Булгаков ушел из этого мира в 1944 г. В предсмертном инсульте, длившемся 40 дней, его лицо, по свидетельствам очевидцев, было удивительно одухотворенным. Было видно, что он живет необычайно интенсивной внутренней жизнью. Что он видел духовными очами – гармонию Божественных сфер, Софию или новое христианство, актуально исповедующее идею Богочеловечества? Кто знает. Но возникает уверенность: Бог забрал не «еретика», а принял в лоно Отчее христианина, богослова и верного сына Церкви. Булгаков остался в умах современников крупнейшим христианским мыслителем, умевшим совмещать верность православным догматам с богословским творчеством. А значит, снова и снова мы должны пытаться понять замечательную логику булгаковской мысли.

Прозрения отца Сергия Булгакова должны стать и нашими прозрениями, а умозрительные искушения, которые он испытал, предупредить от повторения ошибок, – чтобы история стала, наконец, учительницей жизни и мысли.

Список использованной литературы:

1. Агнец Божий: О Богочеловечестве. Ч. 1. – П., 1933; – М., 2000.

2. Булгаков. Из дневника // Pro et contra.

3. Главы о Троичности // Переизд. в: Булгаков С., прот. Труды о Троичности.

4. Запись 1942 г. «Мое рукоположение» // Pro et contra.

5. Зандер Л.А. Бог и Мир. – П., 1948. – Т. 2.

6. Ипостась и ипостасность Переизд. в: Булгаков С., прот. Труды о Троичности. – М., 2001.

7. 1 Кор 2. 7; Еф 1. 3-14; 3. 8-11 и ап. Петр 19-20.

8. Купина Неопалимая: Опыт догматич. истолкования некоторых черт в правосл. почитании Богоматери. – П., 1927.

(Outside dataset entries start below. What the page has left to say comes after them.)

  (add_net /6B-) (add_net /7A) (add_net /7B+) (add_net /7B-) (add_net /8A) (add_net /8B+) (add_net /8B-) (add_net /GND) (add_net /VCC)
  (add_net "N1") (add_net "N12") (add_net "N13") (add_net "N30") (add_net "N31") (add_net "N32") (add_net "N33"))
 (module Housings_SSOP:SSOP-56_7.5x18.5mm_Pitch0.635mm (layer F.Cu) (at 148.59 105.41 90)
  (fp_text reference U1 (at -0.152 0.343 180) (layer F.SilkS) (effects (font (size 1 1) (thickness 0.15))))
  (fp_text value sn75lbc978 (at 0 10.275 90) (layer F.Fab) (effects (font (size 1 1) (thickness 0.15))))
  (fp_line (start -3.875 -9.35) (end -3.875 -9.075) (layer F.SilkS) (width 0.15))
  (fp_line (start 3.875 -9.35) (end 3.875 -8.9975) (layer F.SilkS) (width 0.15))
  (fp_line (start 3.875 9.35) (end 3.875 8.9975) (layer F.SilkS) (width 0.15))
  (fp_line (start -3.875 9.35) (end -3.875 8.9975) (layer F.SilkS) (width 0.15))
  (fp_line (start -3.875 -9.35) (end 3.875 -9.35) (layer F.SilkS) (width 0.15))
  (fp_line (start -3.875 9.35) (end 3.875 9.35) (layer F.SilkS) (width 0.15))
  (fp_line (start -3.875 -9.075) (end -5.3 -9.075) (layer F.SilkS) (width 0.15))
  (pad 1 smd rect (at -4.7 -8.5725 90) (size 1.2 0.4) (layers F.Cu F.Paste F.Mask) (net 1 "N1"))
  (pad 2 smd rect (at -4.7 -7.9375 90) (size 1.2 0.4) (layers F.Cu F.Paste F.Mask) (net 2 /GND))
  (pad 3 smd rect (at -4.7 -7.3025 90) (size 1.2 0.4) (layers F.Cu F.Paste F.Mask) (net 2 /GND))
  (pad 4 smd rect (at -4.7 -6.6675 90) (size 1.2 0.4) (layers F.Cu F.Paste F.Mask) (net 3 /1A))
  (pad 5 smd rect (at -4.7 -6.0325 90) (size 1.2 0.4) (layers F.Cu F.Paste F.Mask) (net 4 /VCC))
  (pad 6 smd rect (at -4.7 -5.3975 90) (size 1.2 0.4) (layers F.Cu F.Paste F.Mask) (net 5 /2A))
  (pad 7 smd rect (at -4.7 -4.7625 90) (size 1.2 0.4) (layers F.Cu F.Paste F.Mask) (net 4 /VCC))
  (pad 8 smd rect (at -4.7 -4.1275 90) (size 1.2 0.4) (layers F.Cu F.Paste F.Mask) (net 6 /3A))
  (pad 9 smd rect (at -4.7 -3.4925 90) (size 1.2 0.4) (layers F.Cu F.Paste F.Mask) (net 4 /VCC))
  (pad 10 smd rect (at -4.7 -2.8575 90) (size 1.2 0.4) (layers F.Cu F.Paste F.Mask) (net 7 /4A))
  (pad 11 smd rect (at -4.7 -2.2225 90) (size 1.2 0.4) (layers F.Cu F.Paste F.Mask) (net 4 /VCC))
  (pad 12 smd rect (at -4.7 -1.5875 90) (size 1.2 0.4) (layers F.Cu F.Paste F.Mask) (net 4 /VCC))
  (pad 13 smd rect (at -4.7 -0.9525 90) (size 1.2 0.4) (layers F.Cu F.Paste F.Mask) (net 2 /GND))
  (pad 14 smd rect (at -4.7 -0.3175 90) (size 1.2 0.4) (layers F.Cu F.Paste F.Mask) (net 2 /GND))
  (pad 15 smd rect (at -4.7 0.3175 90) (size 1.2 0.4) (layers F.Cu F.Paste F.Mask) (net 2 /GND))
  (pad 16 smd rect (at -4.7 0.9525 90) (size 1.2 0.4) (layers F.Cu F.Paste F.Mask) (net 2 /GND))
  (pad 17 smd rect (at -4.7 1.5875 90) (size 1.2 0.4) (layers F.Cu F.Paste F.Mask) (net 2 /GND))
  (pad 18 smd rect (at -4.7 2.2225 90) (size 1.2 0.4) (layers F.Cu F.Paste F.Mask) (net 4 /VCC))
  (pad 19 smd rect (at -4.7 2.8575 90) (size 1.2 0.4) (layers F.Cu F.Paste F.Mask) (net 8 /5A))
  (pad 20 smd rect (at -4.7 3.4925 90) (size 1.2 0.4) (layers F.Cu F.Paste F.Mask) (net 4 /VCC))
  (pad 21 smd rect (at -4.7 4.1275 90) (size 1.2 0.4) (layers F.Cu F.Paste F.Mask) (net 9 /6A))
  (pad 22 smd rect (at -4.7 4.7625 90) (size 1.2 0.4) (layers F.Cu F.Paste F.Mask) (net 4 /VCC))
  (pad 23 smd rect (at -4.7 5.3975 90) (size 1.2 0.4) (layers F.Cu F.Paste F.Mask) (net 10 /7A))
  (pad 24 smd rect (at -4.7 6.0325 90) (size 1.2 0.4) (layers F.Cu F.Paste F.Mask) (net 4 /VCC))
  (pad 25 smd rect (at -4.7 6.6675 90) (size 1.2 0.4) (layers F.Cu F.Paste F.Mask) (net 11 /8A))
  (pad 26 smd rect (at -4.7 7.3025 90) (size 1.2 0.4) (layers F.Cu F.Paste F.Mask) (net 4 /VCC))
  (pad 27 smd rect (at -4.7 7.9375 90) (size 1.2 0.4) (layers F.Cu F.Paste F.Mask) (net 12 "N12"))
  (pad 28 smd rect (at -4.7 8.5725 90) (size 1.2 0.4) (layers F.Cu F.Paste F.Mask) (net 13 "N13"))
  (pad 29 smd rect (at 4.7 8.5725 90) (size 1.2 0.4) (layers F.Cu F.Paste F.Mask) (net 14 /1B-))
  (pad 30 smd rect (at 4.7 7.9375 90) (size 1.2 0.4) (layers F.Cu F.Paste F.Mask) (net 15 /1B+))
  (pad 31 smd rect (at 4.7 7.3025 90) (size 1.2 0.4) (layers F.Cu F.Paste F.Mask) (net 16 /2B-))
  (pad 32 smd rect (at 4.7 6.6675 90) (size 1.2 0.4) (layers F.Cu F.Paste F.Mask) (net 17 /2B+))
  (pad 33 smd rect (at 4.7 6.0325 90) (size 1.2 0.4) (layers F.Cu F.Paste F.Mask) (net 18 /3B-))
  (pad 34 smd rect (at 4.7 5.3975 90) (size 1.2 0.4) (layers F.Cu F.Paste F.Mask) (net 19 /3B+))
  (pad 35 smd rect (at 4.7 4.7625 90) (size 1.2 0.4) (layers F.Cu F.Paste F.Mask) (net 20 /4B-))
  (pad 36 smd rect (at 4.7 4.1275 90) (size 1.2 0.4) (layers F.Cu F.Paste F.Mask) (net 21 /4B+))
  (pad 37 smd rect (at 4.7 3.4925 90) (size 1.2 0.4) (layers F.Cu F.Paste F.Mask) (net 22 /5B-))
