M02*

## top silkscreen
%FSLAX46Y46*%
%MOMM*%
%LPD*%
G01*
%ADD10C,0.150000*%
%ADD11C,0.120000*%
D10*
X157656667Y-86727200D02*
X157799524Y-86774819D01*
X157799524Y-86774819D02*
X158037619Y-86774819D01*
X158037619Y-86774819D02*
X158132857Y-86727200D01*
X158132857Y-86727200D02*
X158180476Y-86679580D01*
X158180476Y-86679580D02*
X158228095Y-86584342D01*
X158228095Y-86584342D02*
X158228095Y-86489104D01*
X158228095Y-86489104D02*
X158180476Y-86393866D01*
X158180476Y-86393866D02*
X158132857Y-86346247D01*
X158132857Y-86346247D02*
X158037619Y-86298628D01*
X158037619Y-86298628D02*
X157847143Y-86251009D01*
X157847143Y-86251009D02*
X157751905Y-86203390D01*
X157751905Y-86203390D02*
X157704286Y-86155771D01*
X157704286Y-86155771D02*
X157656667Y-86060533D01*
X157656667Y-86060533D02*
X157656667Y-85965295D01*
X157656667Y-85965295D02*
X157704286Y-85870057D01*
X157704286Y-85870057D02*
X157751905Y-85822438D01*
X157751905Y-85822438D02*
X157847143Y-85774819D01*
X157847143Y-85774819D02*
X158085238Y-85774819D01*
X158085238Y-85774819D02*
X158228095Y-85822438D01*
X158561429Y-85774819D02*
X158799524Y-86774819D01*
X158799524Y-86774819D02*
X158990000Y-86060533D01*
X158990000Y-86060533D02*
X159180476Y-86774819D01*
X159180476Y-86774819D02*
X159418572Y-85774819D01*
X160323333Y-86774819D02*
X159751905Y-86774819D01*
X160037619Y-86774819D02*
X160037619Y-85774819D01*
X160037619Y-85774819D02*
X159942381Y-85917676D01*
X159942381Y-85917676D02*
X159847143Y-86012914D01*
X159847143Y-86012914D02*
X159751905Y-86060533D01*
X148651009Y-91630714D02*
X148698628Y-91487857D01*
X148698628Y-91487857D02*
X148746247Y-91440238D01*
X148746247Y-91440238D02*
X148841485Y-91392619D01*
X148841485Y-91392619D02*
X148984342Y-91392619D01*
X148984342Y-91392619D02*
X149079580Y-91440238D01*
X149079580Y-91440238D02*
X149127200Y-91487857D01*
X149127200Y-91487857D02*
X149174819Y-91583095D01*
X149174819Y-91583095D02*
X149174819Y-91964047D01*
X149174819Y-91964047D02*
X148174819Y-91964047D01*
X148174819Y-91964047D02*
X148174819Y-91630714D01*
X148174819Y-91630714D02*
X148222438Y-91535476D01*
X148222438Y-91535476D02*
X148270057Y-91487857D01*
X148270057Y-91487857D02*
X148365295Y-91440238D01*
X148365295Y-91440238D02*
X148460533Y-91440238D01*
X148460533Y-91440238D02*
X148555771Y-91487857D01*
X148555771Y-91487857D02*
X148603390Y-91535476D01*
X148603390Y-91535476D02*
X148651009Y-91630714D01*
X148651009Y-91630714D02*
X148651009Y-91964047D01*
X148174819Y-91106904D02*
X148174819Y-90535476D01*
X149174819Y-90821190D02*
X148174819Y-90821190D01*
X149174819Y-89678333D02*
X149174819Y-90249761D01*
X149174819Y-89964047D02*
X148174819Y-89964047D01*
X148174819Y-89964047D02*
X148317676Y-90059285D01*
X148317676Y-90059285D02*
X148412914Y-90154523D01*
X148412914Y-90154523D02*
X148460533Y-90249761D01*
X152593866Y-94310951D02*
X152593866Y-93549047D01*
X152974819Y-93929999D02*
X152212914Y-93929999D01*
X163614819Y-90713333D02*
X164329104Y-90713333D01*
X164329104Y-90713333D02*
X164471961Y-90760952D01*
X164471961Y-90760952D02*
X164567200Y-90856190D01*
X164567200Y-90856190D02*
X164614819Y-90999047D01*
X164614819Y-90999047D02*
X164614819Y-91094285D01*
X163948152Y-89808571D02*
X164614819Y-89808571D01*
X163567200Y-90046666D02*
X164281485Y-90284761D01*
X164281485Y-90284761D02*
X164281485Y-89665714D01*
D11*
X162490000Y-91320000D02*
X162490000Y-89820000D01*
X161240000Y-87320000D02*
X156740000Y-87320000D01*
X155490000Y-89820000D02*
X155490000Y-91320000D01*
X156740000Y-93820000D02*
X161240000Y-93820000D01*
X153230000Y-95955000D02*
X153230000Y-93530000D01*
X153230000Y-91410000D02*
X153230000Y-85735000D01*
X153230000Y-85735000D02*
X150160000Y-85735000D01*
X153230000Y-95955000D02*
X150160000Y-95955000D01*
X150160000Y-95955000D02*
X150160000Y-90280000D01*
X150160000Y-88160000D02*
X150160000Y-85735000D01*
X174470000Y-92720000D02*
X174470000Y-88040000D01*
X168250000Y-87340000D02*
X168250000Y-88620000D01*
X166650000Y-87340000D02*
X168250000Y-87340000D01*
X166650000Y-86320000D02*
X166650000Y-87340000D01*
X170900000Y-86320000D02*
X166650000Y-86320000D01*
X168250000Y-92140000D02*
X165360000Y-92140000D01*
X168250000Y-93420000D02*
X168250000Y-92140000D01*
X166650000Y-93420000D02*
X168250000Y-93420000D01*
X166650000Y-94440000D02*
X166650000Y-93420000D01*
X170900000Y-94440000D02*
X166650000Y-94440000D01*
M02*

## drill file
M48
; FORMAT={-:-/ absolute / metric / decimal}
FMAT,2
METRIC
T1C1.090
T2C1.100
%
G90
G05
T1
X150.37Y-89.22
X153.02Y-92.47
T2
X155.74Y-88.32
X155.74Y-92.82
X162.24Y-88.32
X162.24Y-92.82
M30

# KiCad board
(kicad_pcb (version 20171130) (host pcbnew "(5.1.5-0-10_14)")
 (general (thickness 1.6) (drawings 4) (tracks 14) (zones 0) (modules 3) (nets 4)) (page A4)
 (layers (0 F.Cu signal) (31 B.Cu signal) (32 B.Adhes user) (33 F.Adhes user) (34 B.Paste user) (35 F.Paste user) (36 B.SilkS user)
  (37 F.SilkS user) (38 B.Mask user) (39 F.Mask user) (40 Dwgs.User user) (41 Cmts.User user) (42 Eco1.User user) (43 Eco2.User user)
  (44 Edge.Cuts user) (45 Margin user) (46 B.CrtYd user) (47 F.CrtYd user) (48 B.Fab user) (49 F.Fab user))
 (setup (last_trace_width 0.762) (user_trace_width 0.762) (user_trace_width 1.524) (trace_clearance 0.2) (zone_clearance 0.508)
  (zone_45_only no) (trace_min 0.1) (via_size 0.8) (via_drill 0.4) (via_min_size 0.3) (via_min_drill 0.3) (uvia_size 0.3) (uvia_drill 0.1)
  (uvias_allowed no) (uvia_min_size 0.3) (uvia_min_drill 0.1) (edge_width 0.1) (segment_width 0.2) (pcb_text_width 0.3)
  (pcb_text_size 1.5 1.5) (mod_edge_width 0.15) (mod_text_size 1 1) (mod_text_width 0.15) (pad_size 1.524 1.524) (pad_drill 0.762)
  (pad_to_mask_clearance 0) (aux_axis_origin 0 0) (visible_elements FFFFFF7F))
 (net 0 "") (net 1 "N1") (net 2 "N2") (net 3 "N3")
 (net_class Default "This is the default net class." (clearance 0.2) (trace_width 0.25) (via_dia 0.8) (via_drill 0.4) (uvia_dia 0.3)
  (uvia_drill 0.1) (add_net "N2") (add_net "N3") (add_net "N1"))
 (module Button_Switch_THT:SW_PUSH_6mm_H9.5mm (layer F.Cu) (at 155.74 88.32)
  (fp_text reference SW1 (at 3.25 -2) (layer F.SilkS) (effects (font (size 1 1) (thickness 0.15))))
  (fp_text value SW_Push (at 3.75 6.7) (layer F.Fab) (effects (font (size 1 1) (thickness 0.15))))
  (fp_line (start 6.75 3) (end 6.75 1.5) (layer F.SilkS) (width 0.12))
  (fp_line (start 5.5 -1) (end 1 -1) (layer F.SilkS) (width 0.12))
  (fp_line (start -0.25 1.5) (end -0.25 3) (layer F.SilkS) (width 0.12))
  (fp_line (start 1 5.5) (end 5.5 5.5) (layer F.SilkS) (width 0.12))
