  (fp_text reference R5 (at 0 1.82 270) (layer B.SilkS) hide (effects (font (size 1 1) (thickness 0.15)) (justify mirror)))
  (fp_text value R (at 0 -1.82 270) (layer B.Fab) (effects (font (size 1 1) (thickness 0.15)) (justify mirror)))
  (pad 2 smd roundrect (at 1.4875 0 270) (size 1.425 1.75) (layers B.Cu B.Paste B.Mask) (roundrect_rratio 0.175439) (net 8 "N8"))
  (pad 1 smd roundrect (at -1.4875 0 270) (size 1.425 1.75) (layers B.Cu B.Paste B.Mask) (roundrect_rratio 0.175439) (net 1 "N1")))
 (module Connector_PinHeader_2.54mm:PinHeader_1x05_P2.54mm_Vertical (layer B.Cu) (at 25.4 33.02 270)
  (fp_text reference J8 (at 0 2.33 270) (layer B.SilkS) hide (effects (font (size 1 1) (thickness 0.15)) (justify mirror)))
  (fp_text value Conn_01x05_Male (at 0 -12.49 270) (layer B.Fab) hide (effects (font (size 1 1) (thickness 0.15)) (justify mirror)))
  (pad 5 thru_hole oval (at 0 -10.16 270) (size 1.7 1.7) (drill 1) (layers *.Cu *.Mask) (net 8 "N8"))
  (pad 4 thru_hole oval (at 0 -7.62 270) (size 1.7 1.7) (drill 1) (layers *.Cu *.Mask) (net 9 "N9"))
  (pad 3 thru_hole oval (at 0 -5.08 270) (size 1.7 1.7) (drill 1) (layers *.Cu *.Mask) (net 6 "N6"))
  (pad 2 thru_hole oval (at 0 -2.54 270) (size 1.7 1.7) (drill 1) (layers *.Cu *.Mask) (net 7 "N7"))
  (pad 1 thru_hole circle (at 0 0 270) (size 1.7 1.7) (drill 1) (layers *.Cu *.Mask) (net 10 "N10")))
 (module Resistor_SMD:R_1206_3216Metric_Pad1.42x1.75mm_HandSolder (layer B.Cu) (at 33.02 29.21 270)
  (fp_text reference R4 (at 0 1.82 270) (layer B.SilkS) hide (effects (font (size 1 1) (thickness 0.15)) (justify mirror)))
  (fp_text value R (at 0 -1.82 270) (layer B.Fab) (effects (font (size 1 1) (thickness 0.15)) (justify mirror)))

9. Лосский О.Н. Спор о Софии: «Докладная записка» прот. С. Булгакова и смысл Указа Московской Патриархии. – П., 1936.

10. Мужское и женское в Божестве. Мужское и женское // С.Н. Булгаков: Религ.-филос. путь.

11. Невеста Агнца: О Богочеловечестве. Ч. 3. – П., 1945.

11а. Автобиографические заметки. – П., 1946.

12. Свет Невечерний: Созерцания и умозрения. Серг. – П., 1917.

13. Современное арианство // Тихие думы. – 1918.

14. София, Премудрость Божия. Гл. 3: «София Божественная и София тварная». – Л. 1; цит. по автографу рукописи, хранящейся в архиве Православного богословского института в Париже.

15. Трагедия философии // Булгаков С.Н. Соч.: В 2 т. – М., 1993. – Т. 1.